> _Work request_: Set down word for word the lines that begin the entries and run through the line containing "X154290000Y-100585000D01*". Give nothing further.

(Saved data entries)

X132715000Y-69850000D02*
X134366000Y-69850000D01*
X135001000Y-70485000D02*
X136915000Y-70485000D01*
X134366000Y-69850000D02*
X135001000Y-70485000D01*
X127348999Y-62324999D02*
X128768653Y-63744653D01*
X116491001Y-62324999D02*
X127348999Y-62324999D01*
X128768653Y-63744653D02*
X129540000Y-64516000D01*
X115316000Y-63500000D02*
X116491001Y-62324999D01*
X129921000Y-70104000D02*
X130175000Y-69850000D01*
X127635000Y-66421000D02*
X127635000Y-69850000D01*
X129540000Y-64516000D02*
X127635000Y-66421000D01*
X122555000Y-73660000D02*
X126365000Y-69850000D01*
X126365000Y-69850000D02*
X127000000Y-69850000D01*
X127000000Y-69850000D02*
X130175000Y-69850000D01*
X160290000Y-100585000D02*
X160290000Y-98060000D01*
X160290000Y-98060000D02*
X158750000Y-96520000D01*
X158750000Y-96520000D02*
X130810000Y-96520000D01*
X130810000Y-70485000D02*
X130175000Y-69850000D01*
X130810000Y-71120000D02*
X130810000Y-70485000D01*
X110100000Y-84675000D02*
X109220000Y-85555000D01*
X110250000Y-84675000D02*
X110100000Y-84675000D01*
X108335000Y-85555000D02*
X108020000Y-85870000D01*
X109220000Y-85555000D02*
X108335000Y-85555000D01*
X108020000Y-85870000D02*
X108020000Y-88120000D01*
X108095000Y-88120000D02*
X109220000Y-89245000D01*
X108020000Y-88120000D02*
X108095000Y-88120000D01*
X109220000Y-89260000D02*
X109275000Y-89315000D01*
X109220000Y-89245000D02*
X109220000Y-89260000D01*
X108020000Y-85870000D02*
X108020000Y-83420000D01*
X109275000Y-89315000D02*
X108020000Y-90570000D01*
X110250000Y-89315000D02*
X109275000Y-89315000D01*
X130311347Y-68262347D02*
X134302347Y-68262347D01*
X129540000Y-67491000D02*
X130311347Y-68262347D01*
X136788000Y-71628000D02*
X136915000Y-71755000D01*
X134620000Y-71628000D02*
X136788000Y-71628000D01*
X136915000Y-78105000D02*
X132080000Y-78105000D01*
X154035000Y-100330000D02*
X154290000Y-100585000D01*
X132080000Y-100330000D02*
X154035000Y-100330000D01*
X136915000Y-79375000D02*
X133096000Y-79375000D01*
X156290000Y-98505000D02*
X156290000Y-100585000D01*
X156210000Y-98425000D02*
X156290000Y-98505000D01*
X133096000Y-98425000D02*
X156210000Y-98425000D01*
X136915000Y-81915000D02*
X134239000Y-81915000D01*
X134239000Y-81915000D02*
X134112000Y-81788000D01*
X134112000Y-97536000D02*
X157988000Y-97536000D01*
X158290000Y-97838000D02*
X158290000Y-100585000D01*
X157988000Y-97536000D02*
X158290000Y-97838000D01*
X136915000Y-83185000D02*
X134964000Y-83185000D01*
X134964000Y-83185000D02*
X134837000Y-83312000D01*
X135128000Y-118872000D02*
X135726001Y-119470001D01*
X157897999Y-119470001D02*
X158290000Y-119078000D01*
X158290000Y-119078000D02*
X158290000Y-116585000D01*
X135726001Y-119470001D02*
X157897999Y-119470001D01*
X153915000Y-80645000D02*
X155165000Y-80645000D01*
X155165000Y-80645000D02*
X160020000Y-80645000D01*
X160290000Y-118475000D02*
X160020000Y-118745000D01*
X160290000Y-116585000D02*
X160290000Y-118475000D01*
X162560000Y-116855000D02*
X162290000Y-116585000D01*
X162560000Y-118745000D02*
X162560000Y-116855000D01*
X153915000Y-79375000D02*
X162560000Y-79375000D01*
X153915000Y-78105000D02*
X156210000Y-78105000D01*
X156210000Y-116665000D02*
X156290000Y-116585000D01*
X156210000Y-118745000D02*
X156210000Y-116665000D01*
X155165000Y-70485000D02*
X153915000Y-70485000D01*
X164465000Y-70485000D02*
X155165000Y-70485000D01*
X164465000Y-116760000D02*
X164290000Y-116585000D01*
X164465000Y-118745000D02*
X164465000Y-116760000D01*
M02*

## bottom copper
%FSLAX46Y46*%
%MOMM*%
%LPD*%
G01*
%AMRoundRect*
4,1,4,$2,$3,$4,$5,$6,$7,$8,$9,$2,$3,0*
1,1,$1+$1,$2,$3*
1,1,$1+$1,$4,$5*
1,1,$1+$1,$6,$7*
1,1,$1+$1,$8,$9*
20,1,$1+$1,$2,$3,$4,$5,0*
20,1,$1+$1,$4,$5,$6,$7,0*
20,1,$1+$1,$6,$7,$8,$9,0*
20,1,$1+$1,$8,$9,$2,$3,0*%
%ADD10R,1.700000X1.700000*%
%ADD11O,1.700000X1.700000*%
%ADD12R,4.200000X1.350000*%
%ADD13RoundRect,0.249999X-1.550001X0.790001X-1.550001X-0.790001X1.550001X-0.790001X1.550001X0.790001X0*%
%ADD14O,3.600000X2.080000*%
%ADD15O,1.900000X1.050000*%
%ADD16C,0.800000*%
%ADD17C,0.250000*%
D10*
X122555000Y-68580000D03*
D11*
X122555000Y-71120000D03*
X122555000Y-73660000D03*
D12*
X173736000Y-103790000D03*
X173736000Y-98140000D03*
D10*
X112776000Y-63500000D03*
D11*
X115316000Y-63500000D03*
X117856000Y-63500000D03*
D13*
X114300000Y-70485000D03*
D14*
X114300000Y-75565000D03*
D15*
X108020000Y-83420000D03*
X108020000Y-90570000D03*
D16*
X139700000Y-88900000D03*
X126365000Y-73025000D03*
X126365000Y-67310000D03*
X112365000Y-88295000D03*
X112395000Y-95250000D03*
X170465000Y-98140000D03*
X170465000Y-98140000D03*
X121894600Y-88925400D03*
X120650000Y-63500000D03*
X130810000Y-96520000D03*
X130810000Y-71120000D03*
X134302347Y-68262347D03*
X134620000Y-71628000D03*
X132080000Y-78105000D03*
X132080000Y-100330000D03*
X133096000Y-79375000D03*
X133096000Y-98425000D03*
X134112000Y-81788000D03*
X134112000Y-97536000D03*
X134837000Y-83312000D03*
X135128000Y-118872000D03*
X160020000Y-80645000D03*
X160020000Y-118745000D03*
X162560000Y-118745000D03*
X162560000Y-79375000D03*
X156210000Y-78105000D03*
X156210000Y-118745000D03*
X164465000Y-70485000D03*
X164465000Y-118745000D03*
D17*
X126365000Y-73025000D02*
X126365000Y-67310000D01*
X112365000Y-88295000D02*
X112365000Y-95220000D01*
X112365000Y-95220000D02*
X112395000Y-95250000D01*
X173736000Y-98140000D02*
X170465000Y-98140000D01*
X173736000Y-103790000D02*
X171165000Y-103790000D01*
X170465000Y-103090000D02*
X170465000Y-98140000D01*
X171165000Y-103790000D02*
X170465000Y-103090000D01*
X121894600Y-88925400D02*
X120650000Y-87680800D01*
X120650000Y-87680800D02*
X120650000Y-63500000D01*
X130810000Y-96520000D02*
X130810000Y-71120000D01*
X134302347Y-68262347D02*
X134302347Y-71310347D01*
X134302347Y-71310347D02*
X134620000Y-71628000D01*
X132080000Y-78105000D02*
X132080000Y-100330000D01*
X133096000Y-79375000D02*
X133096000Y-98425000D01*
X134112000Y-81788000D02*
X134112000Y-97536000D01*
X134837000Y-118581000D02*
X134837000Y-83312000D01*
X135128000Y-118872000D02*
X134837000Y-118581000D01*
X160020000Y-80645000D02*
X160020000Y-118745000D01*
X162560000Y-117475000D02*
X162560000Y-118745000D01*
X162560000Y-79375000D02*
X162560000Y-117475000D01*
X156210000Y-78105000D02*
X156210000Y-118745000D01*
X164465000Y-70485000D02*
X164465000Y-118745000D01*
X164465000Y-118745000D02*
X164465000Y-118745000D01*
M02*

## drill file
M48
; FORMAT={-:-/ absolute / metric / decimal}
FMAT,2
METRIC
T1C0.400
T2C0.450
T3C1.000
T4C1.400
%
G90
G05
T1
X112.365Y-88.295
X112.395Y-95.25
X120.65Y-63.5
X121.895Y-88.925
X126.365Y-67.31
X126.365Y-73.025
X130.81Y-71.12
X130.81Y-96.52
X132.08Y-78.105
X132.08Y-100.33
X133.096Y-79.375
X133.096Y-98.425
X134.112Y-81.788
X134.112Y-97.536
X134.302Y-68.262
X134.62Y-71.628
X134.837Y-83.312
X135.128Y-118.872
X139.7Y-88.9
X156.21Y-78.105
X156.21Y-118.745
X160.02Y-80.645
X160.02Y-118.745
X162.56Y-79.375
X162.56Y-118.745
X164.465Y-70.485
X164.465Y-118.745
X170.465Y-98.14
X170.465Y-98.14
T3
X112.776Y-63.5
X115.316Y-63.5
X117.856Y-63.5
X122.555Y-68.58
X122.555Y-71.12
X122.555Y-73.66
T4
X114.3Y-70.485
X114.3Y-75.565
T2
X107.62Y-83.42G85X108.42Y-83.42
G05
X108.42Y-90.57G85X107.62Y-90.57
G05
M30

> _Answer for the task_:
X132715000Y-69850000D02*
X134366000Y-69850000D01*
X135001000Y-70485000D02*
X136915000Y-70485000D01*
X134366000Y-69850000D02*
X135001000Y-70485000D01*
X127348999Y-62324999D02*
X128768653Y-63744653D01*
X116491001Y-62324999D02*
X127348999Y-62324999D01*
X128768653Y-63744653D02*
X129540000Y-64516000D01*
X115316000Y-63500000D02*
X116491001Y-62324999D01*
X129921000Y-70104000D02*
X130175000Y-69850000D01*
X127635000Y-66421000D02*
X127635000Y-69850000D01*
X129540000Y-64516000D02*
X127635000Y-66421000D01*
X122555000Y-73660000D02*
X126365000Y-69850000D01*
X126365000Y-69850000D02*
X127000000Y-69850000D01*
X127000000Y-69850000D02*
X130175000Y-69850000D01*
X160290000Y-100585000D02*
X160290000Y-98060000D01*
X160290000Y-98060000D02*
X158750000Y-96520000D01*
X158750000Y-96520000D02*
X130810000Y-96520000D01*
X130810000Y-70485000D02*
X130175000Y-69850000D01*
X130810000Y-71120000D02*
X130810000Y-70485000D01*
X110100000Y-84675000D02*
X109220000Y-85555000D01*
X110250000Y-84675000D02*
X110100000Y-84675000D01*
X108335000Y-85555000D02*
X108020000Y-85870000D01*
X109220000Y-85555000D02*
X108335000Y-85555000D01*
X108020000Y-85870000D02*
X108020000Y-88120000D01*
X108095000Y-88120000D02*
X109220000Y-89245000D01*
X108020000Y-88120000D02*
X108095000Y-88120000D01*
X109220000Y-89260000D02*
X109275000Y-89315000D01*
X109220000Y-89245000D02*
X109220000Y-89260000D01*
X108020000Y-85870000D02*
X108020000Y-83420000D01*
X109275000Y-89315000D02*
X108020000Y-90570000D01*
X110250000Y-89315000D02*
X109275000Y-89315000D01*
X130311347Y-68262347D02*
X134302347Y-68262347D01*
X129540000Y-67491000D02*
X130311347Y-68262347D01*
X136788000Y-71628000D02*
X136915000Y-71755000D01*
X134620000Y-71628000D02*
X136788000Y-71628000D01*
X136915000Y-78105000D02*
X132080000Y-78105000D01*
X154035000Y-100330000D02*
X154290000Y-100585000D01*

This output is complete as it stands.